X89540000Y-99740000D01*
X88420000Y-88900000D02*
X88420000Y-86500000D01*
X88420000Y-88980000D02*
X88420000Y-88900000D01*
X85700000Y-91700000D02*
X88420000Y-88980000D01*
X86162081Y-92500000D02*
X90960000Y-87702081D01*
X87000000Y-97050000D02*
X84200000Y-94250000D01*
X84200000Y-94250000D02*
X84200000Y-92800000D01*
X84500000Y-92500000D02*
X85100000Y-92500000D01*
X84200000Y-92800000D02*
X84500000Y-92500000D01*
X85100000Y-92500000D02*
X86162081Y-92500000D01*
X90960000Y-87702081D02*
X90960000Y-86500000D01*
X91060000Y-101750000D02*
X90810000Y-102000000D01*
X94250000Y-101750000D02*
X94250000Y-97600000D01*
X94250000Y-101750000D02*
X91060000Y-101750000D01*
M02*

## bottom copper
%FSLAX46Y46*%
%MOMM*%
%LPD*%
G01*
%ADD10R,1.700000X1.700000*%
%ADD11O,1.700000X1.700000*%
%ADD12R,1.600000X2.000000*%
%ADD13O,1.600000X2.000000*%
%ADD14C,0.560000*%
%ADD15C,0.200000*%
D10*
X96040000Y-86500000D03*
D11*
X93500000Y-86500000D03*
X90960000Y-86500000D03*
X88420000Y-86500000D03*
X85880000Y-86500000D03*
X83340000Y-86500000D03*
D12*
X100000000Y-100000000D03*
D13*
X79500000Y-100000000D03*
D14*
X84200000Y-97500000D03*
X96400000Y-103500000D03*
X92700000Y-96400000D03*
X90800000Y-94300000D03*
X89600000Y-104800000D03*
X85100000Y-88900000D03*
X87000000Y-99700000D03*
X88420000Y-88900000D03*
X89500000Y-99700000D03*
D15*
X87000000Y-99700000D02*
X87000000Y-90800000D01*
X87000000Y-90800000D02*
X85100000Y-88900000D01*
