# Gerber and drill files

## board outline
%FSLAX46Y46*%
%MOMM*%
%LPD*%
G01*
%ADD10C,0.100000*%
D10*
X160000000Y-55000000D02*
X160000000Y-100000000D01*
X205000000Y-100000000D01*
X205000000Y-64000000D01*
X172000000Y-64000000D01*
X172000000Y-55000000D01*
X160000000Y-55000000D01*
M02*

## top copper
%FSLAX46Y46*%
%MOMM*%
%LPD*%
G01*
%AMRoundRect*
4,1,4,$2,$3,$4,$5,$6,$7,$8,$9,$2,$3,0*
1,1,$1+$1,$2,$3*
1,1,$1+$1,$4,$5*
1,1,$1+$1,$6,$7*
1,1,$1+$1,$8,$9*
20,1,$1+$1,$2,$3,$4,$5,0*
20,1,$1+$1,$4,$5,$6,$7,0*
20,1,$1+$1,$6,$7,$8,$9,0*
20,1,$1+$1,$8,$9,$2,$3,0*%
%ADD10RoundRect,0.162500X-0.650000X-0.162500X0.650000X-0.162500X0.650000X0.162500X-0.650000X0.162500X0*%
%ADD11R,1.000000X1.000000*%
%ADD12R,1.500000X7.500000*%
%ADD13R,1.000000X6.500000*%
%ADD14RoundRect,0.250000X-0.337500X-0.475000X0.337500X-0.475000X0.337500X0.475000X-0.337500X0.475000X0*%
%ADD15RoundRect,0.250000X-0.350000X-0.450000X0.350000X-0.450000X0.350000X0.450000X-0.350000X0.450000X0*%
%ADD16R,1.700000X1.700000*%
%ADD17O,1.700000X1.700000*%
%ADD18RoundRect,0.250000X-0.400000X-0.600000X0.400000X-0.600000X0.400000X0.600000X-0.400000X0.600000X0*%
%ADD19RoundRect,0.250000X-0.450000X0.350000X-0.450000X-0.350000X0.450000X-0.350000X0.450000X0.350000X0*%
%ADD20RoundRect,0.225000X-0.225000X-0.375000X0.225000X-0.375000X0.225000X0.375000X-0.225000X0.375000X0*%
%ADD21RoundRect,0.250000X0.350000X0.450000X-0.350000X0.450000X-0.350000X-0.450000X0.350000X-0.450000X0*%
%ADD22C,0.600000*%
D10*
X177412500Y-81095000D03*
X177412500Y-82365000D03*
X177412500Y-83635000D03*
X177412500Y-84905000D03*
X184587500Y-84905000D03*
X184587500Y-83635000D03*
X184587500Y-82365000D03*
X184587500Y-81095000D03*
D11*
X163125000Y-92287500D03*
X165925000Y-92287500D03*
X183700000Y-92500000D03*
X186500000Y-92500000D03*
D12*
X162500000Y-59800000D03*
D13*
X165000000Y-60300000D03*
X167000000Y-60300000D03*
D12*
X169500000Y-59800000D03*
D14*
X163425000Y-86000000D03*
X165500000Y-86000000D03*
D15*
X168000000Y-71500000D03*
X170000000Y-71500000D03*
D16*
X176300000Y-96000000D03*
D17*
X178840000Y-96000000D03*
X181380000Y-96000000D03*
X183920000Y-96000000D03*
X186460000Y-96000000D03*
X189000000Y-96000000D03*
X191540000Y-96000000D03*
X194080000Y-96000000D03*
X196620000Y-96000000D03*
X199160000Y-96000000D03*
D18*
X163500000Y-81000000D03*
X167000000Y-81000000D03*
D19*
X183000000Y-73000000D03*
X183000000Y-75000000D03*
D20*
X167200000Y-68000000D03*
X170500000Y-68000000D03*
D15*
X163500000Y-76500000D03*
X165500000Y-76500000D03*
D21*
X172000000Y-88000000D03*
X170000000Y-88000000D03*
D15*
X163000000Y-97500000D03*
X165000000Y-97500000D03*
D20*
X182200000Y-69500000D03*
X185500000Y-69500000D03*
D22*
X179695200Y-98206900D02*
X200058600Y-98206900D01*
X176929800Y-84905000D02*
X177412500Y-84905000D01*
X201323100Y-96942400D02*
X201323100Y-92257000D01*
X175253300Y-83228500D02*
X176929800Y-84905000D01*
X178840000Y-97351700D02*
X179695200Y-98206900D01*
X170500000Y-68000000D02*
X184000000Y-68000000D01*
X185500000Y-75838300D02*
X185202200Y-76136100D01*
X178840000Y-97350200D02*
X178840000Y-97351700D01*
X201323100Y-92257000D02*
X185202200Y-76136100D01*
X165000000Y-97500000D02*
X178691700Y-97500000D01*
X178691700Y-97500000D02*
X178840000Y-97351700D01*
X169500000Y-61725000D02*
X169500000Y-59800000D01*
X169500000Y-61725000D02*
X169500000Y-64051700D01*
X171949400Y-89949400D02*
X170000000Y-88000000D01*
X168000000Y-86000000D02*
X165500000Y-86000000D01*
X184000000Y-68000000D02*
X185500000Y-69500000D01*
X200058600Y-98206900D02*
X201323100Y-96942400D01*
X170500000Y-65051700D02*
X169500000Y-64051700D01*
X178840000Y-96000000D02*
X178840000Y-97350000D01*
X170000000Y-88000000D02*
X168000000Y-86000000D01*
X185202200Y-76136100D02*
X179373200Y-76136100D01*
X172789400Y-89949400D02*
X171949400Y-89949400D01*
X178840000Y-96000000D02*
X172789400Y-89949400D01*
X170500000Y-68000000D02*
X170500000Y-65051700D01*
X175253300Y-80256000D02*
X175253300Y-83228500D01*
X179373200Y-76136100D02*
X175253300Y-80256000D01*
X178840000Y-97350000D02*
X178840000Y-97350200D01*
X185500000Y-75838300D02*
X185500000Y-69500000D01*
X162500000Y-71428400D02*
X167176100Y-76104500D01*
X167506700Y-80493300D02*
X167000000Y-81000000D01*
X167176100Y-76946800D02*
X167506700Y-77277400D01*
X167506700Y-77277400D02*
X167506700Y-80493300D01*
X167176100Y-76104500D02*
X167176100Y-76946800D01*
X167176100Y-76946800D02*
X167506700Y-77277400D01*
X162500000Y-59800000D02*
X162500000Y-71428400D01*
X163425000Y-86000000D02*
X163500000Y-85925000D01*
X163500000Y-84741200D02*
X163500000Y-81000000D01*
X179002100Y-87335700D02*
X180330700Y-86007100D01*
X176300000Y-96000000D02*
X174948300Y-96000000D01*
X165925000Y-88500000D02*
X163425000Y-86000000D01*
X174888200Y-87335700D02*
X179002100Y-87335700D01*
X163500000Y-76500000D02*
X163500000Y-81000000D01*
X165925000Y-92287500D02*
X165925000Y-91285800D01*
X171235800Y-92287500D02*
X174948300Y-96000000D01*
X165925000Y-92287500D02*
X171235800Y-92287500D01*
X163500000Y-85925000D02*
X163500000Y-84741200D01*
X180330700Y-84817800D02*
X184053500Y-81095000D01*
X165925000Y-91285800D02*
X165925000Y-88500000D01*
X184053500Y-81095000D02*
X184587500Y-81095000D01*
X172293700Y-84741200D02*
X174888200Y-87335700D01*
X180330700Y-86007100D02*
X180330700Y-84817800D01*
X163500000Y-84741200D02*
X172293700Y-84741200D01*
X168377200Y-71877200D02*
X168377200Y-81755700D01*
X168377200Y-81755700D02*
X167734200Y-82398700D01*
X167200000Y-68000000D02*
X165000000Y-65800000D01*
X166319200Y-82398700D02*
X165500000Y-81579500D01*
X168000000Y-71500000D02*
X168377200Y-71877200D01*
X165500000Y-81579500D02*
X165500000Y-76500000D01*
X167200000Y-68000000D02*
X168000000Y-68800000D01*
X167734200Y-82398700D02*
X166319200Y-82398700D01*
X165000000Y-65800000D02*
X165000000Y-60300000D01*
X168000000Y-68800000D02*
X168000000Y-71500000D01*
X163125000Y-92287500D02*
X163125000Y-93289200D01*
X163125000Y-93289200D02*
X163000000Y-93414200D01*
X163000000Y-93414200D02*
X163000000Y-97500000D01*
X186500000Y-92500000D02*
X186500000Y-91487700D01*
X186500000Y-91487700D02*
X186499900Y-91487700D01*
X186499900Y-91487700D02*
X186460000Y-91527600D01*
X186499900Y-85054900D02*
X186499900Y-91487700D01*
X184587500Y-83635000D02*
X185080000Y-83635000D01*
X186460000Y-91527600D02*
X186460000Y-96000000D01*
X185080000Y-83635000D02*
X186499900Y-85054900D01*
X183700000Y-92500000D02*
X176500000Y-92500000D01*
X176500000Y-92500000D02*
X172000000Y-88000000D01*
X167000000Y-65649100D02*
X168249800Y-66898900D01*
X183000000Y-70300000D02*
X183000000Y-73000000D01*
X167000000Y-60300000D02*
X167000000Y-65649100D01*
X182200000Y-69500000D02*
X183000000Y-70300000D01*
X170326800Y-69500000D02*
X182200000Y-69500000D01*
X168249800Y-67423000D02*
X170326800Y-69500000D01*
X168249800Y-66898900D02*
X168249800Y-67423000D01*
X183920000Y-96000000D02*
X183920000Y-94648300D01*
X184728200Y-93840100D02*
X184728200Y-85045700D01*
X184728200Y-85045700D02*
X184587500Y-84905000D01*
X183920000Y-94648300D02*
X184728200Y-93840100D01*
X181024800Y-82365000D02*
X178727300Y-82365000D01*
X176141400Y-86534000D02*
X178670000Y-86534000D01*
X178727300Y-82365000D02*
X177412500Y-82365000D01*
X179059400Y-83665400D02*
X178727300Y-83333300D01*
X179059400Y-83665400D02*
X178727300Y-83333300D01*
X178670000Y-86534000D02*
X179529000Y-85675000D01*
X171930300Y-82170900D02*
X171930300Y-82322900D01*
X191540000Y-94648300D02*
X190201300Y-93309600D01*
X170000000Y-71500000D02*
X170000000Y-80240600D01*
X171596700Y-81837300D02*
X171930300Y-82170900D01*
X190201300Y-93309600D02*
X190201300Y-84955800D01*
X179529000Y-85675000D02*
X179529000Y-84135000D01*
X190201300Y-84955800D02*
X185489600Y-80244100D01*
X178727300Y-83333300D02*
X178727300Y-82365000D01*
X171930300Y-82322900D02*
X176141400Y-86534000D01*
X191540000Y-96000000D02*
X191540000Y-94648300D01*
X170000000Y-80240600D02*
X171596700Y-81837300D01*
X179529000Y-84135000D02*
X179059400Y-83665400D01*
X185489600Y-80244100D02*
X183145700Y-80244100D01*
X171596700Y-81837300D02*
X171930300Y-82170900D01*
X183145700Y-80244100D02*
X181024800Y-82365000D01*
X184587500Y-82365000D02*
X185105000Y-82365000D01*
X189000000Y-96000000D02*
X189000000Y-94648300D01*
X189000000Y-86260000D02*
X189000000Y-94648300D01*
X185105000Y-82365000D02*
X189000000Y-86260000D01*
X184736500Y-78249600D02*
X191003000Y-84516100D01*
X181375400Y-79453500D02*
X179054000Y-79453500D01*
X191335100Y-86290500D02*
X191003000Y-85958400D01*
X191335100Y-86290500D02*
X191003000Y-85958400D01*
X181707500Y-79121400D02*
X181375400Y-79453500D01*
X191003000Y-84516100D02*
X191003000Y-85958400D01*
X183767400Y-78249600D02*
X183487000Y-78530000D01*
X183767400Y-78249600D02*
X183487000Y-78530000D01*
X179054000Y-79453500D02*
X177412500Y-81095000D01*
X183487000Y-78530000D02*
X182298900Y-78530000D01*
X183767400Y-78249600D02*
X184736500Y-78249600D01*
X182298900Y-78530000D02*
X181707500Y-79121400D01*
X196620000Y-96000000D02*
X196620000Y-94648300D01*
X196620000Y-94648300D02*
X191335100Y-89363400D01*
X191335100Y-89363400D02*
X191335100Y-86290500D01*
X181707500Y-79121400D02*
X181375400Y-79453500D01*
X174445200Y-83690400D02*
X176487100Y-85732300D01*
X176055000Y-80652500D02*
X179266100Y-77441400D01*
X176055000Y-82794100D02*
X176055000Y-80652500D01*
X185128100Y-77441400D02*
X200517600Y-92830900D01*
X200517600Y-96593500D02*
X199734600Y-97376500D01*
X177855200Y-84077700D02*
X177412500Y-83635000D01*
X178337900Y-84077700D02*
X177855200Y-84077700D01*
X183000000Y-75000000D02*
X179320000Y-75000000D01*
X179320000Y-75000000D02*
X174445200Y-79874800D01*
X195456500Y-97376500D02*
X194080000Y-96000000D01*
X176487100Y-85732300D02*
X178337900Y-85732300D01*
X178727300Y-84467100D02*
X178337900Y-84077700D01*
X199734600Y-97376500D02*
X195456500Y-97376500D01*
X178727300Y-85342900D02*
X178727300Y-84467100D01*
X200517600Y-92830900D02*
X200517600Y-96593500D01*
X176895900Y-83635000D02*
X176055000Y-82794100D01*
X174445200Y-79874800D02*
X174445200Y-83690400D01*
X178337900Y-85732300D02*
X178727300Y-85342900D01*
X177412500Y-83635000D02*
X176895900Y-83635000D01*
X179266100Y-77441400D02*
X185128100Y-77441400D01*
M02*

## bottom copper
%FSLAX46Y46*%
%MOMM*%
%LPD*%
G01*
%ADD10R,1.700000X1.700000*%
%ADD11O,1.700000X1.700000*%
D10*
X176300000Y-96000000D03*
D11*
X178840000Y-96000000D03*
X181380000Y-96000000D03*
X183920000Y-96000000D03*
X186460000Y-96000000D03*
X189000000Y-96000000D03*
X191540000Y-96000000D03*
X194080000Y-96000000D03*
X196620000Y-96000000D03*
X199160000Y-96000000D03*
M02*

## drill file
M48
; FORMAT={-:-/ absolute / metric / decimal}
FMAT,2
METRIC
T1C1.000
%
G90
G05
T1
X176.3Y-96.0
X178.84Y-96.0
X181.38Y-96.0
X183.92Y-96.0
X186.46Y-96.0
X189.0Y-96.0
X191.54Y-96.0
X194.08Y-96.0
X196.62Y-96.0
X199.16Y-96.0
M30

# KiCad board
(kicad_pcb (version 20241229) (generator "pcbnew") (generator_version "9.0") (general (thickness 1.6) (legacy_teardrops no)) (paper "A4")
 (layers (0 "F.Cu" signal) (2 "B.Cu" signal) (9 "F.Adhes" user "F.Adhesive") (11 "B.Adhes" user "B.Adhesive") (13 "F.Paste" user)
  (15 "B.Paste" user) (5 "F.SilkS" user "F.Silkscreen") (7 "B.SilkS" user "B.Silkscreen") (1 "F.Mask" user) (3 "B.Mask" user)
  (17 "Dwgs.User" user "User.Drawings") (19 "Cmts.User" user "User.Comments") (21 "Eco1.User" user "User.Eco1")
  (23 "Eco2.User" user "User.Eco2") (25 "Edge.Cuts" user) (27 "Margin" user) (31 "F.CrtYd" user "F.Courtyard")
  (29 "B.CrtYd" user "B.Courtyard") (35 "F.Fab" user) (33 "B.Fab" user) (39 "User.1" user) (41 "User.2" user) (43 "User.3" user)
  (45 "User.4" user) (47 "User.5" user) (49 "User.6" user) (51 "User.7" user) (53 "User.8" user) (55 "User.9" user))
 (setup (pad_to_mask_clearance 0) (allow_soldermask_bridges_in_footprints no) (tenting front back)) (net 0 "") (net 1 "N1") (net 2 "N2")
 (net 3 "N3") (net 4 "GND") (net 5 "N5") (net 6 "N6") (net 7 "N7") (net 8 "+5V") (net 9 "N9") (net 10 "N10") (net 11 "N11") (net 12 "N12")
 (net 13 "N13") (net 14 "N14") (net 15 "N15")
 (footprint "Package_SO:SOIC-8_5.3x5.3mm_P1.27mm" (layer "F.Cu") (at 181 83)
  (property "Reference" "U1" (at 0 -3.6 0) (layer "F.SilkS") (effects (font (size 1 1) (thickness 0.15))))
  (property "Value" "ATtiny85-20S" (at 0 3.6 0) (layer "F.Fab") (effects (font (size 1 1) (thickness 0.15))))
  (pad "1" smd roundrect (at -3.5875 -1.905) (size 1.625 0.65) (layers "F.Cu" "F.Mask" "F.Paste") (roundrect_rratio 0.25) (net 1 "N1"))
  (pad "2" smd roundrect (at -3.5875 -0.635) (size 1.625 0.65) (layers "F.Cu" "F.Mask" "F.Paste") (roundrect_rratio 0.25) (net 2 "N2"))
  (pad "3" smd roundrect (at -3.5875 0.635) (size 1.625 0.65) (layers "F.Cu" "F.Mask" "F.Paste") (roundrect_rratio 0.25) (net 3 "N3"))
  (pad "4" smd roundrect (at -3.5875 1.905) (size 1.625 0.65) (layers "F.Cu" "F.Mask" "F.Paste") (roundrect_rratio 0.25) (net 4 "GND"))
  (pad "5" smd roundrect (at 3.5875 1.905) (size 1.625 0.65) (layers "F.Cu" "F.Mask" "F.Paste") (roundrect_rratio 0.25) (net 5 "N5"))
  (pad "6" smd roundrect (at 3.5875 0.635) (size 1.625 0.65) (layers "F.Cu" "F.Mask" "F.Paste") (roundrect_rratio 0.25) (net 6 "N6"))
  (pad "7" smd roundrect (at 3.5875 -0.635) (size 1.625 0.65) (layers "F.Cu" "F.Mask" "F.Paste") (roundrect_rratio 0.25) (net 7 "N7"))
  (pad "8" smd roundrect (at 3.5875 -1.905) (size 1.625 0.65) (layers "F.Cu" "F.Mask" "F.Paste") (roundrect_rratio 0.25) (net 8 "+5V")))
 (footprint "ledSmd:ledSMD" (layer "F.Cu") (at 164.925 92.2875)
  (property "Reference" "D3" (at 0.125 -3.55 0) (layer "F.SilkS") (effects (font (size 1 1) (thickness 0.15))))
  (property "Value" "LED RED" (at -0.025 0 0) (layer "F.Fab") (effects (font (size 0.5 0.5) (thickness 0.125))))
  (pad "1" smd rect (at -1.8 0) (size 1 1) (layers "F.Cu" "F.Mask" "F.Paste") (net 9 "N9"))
=====
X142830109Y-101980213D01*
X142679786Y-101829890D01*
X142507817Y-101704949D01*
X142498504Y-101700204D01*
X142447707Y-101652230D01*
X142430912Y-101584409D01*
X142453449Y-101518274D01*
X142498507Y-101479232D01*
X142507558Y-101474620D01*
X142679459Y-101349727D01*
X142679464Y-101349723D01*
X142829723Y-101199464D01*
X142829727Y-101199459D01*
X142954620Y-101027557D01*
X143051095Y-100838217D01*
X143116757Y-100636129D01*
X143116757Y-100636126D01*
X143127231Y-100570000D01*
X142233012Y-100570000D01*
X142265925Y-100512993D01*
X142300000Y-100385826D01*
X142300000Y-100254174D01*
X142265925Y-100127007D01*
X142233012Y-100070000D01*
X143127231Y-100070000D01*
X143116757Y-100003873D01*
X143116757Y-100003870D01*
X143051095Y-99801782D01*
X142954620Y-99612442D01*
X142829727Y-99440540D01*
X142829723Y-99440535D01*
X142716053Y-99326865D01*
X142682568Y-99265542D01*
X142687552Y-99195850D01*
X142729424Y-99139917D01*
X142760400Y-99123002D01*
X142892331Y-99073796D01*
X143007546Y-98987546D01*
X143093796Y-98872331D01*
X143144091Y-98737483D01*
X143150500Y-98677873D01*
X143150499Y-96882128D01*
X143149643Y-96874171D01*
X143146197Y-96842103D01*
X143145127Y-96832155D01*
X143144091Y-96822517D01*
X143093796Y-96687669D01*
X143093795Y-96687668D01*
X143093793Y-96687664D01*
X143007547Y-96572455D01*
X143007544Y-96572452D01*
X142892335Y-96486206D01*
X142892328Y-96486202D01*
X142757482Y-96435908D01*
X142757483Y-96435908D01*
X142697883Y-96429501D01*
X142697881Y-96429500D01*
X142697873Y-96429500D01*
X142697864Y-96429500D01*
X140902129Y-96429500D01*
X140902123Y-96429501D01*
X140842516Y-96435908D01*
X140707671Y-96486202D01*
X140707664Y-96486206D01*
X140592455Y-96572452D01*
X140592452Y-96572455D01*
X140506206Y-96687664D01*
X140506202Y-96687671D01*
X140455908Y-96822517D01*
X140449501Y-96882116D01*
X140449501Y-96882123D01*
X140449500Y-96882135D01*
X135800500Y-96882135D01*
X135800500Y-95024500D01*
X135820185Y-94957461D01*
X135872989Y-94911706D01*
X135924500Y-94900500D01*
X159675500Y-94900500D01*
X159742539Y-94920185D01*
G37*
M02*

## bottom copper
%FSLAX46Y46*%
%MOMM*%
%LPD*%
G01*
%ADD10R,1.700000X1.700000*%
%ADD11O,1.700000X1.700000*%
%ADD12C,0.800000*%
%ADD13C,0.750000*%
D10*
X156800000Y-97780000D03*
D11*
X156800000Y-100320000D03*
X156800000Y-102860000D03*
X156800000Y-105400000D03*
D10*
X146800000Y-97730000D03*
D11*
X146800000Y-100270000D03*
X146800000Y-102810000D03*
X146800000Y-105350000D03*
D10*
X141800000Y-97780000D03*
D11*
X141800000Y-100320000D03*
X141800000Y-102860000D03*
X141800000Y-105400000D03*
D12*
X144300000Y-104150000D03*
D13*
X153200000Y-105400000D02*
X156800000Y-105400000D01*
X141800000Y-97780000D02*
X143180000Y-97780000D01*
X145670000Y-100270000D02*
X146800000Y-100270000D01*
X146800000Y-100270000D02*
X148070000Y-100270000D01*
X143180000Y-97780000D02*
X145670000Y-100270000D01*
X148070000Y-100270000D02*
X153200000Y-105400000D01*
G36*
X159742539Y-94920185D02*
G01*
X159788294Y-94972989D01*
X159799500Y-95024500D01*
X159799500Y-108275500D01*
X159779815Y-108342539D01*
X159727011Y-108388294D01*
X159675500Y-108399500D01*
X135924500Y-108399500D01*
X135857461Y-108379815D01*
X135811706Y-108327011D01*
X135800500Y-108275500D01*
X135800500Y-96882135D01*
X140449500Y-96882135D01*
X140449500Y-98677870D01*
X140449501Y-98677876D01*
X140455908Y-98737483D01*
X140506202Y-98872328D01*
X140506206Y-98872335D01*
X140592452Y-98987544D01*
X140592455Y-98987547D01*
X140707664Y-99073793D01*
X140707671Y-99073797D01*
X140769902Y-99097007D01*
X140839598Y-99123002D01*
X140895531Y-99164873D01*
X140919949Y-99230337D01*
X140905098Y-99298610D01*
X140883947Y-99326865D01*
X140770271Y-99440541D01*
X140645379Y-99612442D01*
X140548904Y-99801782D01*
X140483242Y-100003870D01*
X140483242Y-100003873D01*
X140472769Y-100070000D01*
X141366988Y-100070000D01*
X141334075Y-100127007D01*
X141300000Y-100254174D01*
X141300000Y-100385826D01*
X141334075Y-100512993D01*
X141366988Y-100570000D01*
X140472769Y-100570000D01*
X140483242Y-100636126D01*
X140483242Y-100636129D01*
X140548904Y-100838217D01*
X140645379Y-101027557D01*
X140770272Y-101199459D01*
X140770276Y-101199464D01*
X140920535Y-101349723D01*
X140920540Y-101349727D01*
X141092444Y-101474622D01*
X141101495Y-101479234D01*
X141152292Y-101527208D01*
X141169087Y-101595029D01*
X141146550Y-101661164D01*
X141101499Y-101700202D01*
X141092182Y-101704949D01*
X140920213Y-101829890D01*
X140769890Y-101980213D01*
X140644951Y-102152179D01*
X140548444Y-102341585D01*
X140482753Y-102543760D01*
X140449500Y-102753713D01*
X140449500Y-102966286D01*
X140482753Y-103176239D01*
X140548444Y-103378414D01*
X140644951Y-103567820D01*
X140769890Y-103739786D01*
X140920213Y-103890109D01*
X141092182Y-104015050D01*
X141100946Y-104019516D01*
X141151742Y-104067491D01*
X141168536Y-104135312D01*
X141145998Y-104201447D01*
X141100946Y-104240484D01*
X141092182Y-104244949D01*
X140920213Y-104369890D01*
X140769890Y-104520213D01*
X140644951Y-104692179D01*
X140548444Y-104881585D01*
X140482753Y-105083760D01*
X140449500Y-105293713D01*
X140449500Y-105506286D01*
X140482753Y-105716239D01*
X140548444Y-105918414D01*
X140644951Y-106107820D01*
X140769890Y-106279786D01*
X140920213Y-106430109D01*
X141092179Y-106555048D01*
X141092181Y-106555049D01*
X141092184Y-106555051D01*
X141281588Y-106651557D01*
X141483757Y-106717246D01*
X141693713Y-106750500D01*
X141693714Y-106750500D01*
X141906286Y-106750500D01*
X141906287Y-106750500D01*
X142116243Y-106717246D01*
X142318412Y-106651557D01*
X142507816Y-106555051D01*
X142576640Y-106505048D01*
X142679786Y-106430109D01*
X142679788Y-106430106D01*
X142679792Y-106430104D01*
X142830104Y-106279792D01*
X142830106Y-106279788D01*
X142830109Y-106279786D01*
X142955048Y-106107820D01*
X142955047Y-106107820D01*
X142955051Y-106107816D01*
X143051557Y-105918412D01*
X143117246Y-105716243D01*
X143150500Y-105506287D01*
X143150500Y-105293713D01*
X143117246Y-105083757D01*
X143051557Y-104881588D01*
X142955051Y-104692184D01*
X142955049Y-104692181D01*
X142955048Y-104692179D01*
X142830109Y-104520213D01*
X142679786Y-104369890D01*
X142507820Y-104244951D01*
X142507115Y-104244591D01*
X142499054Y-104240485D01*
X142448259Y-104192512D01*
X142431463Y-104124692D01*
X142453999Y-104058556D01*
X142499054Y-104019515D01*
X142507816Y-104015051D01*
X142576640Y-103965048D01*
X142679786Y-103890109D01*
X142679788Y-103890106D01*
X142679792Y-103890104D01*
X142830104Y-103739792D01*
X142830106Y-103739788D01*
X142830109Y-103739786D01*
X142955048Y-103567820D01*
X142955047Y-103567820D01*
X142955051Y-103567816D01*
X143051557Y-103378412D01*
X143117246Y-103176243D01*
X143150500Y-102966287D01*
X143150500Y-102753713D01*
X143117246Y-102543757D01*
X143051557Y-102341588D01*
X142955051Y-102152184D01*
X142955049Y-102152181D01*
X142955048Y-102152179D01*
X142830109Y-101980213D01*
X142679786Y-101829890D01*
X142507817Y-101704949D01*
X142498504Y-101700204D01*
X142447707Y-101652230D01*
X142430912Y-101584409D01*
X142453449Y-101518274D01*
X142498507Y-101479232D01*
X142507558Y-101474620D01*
=====
Taking the entries above, restate exactly those lines that fall between the line with "X141693713Y-106750500D01*" and the line with "X142679786Y-104369890D01*", keeping both of those lines too.

X141693713Y-106750500D01*
X141693714Y-106750500D01*
X141906286Y-106750500D01*
X141906287Y-106750500D01*
X142116243Y-106717246D01*
X142318412Y-106651557D01*
X142507816Y-106555051D01*
X142576640Y-106505048D01*
X142679786Y-106430109D01*
X142679788Y-106430106D01*
X142679792Y-106430104D01*
X142830104Y-106279792D01*
X142830106Y-106279788D01*
X142830109Y-106279786D01*
X142955048Y-106107820D01*
X142955047Y-106107820D01*
X142955051Y-106107816D01*
X143051557Y-105918412D01*
X143117246Y-105716243D01*
X143150500Y-105506287D01*
X143150500Y-105293713D01*
X143117246Y-105083757D01*
X143051557Y-104881588D01*
X142955051Y-104692184D01*
X142955049Y-104692181D01*
X142955048Y-104692179D01*
X142830109Y-104520213D01*
X142679786Y-104369890D01*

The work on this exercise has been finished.